[Work item]
Exactly the lines starting at the line containing "X19833333Y-18359580D02*" and ending at the line containing "X29833333Y-18359580D02*" are to be written out from the listing below, both included.

[Supplied data]
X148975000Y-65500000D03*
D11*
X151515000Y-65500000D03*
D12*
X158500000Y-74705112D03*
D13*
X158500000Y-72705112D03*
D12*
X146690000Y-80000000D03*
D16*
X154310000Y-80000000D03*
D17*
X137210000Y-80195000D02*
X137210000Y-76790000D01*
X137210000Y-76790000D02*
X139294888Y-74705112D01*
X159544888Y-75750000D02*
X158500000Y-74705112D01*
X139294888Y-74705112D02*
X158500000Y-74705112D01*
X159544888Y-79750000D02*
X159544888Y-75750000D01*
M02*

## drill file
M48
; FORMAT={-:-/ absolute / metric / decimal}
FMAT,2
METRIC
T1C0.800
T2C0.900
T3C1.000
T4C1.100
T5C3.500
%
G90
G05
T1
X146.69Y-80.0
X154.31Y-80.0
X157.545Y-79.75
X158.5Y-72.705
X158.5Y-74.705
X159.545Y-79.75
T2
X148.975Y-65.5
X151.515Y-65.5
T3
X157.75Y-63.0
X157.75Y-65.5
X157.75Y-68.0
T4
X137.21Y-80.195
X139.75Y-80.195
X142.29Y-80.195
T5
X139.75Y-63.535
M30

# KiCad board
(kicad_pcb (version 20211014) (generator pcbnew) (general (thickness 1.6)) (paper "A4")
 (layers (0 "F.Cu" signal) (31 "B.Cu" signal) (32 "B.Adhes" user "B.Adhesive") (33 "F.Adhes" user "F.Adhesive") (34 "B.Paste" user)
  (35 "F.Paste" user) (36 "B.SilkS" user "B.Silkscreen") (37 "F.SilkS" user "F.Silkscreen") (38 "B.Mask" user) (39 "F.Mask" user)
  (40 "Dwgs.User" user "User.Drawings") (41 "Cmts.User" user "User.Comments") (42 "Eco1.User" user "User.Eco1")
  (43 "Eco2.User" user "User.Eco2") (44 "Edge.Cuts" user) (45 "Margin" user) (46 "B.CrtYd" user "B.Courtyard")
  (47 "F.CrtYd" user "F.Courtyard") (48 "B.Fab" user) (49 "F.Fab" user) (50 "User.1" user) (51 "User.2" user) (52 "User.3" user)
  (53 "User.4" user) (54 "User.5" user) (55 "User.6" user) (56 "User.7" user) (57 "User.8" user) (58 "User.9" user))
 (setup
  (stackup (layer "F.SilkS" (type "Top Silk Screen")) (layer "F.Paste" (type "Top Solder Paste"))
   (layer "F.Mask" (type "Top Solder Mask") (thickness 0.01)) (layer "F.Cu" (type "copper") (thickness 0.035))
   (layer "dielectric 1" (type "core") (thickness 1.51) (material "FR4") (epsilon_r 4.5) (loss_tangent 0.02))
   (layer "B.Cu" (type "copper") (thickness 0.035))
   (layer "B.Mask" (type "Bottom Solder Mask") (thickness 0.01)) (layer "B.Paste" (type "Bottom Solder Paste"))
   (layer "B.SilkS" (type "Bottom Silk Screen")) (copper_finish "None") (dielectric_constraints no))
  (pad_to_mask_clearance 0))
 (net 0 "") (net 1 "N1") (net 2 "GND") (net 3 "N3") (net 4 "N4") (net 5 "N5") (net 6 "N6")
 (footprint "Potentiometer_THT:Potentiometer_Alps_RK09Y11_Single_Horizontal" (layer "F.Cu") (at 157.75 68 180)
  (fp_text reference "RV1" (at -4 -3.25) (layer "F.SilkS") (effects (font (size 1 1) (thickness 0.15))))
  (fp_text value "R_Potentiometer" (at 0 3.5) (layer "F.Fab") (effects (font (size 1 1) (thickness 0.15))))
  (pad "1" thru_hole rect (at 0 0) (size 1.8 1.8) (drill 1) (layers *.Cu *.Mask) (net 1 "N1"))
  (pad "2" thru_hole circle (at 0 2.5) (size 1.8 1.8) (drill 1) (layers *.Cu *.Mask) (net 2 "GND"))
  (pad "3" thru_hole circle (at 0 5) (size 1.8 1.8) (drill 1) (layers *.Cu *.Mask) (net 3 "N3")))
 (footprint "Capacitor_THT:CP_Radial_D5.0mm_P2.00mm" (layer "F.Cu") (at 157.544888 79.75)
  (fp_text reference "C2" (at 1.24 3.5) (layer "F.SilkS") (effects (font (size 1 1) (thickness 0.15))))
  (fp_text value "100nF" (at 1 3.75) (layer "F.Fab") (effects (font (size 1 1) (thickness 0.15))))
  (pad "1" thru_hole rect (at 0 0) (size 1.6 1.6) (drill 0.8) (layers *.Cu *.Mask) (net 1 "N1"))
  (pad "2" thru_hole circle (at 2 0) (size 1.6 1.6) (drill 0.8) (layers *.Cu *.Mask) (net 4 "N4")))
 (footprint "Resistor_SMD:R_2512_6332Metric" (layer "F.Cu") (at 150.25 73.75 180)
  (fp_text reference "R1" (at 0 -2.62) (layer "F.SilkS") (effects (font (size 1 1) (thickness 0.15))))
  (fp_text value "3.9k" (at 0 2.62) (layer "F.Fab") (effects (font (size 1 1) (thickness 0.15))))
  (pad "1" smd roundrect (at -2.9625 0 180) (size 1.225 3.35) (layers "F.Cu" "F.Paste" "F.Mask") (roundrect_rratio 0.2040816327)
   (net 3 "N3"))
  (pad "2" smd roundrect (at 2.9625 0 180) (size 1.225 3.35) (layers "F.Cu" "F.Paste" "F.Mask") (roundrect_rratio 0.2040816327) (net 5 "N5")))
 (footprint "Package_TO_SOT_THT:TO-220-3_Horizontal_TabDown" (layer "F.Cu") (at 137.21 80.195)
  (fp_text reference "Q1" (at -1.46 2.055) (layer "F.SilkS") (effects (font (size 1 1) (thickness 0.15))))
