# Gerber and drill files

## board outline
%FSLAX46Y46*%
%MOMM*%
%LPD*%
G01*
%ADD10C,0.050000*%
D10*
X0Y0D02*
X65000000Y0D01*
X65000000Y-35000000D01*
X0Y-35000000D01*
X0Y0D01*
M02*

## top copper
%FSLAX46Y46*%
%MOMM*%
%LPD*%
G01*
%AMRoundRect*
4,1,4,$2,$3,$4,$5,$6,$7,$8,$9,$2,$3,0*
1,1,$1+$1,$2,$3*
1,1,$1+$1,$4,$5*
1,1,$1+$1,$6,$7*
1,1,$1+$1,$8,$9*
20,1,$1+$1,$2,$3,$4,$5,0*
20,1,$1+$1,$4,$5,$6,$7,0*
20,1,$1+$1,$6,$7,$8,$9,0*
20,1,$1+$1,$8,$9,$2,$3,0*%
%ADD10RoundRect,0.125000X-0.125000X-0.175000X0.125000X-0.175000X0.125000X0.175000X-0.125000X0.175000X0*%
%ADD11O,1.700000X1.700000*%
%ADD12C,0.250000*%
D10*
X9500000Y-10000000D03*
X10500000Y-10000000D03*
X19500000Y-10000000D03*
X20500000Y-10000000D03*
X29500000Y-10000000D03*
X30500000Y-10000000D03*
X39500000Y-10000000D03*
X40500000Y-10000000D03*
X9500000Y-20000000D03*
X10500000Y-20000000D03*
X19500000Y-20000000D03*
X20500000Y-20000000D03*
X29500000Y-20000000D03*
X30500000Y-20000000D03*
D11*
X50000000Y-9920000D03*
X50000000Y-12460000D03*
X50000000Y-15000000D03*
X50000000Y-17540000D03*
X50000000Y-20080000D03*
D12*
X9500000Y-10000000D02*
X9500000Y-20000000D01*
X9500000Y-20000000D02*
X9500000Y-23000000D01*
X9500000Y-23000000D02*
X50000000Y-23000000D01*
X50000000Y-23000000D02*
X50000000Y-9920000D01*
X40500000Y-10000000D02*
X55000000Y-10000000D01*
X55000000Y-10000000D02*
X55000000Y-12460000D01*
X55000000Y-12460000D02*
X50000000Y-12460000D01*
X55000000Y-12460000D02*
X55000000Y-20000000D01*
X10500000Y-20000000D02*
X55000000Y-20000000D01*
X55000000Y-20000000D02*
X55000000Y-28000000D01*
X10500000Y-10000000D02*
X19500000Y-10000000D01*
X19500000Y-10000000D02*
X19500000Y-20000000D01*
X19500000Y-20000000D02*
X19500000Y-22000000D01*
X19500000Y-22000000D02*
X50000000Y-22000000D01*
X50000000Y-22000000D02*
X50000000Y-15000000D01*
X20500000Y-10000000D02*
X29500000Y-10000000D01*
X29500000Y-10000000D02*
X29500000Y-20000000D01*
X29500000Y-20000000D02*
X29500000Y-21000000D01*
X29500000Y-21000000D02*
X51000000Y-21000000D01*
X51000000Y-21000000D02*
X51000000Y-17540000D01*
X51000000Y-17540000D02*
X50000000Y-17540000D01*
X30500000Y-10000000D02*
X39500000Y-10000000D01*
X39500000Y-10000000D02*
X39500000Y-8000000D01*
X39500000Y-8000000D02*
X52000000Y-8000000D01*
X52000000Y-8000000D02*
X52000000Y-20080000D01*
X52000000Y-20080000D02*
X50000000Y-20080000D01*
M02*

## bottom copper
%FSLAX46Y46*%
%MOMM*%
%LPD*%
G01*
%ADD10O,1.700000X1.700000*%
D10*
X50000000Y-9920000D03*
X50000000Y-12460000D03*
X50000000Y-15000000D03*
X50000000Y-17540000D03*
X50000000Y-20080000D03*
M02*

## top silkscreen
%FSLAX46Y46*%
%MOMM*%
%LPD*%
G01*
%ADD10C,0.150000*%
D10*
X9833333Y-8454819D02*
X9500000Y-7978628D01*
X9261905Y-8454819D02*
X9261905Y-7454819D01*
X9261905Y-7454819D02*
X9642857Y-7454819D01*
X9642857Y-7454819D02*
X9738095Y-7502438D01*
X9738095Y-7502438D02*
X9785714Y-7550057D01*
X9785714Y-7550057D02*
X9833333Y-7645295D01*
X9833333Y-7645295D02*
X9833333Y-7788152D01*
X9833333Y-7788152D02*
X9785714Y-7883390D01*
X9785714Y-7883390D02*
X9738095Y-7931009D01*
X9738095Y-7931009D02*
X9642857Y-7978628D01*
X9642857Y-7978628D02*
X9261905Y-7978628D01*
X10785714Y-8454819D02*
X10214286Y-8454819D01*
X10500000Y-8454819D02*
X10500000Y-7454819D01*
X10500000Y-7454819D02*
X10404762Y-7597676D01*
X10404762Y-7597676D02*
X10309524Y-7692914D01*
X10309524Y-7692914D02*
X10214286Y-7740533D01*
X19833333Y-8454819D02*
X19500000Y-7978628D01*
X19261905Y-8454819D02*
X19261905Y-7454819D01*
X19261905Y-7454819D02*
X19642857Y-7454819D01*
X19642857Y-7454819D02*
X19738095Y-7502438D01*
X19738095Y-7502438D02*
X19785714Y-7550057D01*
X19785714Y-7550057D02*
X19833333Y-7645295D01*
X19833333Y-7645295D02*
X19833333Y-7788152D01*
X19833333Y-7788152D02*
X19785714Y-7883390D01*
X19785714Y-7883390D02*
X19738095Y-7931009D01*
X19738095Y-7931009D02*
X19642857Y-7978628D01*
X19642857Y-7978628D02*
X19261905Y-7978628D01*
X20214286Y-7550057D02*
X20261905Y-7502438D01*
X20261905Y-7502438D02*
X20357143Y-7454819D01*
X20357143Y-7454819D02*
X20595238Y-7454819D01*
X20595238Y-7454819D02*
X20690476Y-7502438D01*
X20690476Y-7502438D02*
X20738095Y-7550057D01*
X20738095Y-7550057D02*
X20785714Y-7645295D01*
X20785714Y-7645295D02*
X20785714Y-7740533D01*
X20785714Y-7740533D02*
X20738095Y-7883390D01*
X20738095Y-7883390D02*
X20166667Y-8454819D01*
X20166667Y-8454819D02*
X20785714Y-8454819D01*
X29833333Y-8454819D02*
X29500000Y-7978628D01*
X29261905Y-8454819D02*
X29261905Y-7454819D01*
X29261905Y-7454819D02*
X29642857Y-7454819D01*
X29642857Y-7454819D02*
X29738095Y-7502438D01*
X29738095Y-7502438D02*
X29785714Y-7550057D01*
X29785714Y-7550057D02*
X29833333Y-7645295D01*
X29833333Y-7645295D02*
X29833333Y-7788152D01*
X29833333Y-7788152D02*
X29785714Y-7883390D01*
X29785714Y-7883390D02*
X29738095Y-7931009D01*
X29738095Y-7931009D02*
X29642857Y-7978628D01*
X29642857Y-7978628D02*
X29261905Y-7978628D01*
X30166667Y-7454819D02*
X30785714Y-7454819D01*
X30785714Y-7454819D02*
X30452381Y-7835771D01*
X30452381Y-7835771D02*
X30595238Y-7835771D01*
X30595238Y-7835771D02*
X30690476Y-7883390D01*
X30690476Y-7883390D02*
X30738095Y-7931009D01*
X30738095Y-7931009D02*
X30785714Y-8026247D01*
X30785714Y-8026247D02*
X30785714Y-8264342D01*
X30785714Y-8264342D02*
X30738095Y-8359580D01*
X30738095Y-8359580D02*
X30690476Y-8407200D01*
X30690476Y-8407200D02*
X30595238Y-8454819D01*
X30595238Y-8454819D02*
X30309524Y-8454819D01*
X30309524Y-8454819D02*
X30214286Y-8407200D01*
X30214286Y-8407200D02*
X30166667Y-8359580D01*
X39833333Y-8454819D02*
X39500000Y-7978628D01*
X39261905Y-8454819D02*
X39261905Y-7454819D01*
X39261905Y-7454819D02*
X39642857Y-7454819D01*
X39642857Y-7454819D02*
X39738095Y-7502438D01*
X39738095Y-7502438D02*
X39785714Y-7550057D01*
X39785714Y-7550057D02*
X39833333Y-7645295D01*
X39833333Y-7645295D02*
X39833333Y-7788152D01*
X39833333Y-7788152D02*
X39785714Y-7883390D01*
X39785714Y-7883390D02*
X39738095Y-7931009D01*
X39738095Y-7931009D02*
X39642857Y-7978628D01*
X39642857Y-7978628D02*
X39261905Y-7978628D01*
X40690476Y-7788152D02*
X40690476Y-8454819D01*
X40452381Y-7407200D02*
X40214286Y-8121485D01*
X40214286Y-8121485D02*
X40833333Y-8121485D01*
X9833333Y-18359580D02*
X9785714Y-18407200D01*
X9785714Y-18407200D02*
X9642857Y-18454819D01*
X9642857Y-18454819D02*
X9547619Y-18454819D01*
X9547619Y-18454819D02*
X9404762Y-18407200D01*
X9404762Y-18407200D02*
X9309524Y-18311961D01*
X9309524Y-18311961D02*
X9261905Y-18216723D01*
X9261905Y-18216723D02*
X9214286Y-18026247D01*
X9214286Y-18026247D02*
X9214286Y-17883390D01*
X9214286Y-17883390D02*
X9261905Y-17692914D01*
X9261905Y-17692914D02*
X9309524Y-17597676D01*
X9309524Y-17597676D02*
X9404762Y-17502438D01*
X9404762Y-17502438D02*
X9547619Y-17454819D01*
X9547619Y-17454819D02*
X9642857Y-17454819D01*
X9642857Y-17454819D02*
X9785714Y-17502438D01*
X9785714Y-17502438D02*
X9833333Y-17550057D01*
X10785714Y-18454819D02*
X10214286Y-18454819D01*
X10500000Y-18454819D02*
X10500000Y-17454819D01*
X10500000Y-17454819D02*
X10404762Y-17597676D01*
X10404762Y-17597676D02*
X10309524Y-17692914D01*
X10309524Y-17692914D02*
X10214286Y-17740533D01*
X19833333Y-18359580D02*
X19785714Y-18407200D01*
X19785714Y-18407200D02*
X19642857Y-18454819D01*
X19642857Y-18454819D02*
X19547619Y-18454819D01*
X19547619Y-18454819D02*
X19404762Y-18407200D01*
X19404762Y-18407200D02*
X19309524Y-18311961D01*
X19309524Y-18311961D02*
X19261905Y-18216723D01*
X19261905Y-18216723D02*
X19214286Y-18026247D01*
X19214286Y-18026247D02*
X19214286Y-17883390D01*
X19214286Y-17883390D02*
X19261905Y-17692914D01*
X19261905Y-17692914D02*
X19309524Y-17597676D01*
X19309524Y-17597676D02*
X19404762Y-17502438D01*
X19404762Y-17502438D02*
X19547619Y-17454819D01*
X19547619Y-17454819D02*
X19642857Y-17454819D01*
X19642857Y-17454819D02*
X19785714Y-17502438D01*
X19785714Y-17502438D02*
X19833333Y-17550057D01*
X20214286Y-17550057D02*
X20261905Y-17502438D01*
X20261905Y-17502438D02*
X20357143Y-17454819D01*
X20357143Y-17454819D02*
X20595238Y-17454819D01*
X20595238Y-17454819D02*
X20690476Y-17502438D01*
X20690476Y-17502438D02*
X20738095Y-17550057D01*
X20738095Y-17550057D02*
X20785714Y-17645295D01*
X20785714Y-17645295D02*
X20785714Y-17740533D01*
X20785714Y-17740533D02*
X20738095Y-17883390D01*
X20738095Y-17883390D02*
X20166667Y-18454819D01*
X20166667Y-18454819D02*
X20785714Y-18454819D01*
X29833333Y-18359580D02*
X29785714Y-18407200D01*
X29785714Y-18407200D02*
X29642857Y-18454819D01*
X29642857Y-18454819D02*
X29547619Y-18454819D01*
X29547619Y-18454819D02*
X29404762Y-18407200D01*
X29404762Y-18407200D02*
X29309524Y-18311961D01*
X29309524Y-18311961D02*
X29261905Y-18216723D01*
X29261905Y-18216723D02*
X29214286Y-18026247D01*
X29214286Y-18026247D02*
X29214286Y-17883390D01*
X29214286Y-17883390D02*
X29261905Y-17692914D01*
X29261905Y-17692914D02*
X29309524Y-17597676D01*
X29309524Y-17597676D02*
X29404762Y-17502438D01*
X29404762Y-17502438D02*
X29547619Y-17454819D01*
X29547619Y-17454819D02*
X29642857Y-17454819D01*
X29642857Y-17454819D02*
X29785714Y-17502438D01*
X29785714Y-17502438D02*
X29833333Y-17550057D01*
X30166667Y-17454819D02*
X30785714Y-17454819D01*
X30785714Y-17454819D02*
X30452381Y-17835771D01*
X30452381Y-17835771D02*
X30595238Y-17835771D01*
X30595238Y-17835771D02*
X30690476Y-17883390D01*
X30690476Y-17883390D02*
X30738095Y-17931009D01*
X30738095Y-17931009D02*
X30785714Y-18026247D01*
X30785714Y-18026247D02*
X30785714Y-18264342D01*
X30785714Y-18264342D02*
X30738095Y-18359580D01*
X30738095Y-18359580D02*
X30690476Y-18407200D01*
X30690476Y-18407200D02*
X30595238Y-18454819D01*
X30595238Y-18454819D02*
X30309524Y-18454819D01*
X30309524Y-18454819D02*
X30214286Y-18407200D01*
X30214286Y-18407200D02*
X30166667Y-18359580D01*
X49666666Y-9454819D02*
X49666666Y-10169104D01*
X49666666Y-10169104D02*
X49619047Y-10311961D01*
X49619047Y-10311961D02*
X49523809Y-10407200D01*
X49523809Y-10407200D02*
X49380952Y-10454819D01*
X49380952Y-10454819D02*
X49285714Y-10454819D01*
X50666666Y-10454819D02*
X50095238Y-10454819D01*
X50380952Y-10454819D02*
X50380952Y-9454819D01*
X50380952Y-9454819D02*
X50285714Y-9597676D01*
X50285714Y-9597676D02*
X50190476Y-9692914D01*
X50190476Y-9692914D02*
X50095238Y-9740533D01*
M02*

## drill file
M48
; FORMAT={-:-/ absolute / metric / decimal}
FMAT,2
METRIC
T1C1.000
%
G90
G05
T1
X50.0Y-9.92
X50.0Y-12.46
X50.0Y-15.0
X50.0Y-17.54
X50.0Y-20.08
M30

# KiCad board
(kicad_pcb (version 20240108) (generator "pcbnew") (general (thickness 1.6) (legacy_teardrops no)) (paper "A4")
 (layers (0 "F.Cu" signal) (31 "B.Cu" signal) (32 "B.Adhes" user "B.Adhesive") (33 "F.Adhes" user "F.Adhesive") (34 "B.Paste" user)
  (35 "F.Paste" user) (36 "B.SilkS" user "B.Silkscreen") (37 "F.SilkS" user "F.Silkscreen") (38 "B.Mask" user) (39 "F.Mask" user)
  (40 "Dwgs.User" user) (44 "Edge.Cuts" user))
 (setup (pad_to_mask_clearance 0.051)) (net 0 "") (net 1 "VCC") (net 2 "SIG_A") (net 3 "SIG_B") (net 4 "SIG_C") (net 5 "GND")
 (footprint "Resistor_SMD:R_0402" (layer "F.Cu") (at 10 10)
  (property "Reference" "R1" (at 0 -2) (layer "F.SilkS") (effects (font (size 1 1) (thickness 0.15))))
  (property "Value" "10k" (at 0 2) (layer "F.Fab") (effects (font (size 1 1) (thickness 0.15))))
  (pad "1" smd roundrect (at -0.5 0) (size 0.5 0.6) (layers "F.Cu" "F.Paste" "F.Mask") (roundrect_rratio 0.25) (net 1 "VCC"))
  (pad "2" smd roundrect (at 0.5 0) (size 0.5 0.6) (layers "F.Cu" "F.Paste" "F.Mask") (roundrect_rratio 0.25) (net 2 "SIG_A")))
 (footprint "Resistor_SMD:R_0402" (layer "F.Cu") (at 20 10)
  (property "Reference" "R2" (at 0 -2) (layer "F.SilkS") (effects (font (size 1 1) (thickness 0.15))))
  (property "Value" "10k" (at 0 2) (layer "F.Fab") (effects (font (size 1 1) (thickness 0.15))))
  (pad "1" smd roundrect (at -0.5 0) (size 0.5 0.6) (layers "F.Cu" "F.Paste" "F.Mask") (roundrect_rratio 0.25) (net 2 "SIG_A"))
  (pad "2" smd roundrect (at 0.5 0) (size 0.5 0.6) (layers "F.Cu" "F.Paste" "F.Mask") (roundrect_rratio 0.25) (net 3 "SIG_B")))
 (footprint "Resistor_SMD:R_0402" (layer "F.Cu") (at 30 10)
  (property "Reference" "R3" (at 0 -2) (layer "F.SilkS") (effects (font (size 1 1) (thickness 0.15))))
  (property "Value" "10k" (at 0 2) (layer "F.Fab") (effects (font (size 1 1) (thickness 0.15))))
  (pad "1" smd roundrect (at -0.5 0) (size 0.5 0.6) (layers "F.Cu" "F.Paste" "F.Mask") (roundrect_rratio 0.25) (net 3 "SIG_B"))
  (pad "2" smd roundrect (at 0.5 0) (size 0.5 0.6) (layers "F.Cu" "F.Paste" "F.Mask") (roundrect_rratio 0.25) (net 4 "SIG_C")))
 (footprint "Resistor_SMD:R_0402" (layer "F.Cu") (at 40 10)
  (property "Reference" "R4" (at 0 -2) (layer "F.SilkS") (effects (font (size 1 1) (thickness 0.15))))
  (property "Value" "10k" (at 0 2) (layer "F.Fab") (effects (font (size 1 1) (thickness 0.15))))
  (pad "1" smd roundrect (at -0.5 0) (size 0.5 0.6) (layers "F.Cu" "F.Paste" "F.Mask") (roundrect_rratio 0.25) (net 4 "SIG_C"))
  (pad "2" smd roundrect (at 0.5 0) (size 0.5 0.6) (layers "F.Cu" "F.Paste" "F.Mask") (roundrect_rratio 0.25) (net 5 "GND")))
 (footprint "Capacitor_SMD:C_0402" (layer "F.Cu") (at 10 20)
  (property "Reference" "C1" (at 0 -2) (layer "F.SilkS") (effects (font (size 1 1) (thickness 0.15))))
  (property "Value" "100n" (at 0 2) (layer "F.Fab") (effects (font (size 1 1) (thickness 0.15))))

[Exercise response]
X19833333Y-18359580D02*
X19785714Y-18407200D01*
X19785714Y-18407200D02*
X19642857Y-18454819D01*
X19642857Y-18454819D02*
X19547619Y-18454819D01*
X19547619Y-18454819D02*
X19404762Y-18407200D01*
X19404762Y-18407200D02*
X19309524Y-18311961D01*
X19309524Y-18311961D02*
X19261905Y-18216723D01*
X19261905Y-18216723D02*
X19214286Y-18026247D01*
X19214286Y-18026247D02*
X19214286Y-17883390D01*
X19214286Y-17883390D02*
X19261905Y-17692914D01*
X19261905Y-17692914D02*
X19309524Y-17597676D01*
X19309524Y-17597676D02*
X19404762Y-17502438D01*
X19404762Y-17502438D02*
X19547619Y-17454819D01*
X19547619Y-17454819D02*
X19642857Y-17454819D01*
X19642857Y-17454819D02*
X19785714Y-17502438D01*
X19785714Y-17502438D02*
X19833333Y-17550057D01*
X20214286Y-17550057D02*
X20261905Y-17502438D01*
X20261905Y-17502438D02*
X20357143Y-17454819D01*
X20357143Y-17454819D02*
X20595238Y-17454819D01*
X20595238Y-17454819D02*
X20690476Y-17502438D01*
X20690476Y-17502438D02*
X20738095Y-17550057D01*
X20738095Y-17550057D02*
X20785714Y-17645295D01*
X20785714Y-17645295D02*
X20785714Y-17740533D01*
X20785714Y-17740533D02*
X20738095Y-17883390D01*
X20738095Y-17883390D02*
X20166667Y-18454819D01*
X20166667Y-18454819D02*
X20785714Y-18454819D01*
X29833333Y-18359580D02*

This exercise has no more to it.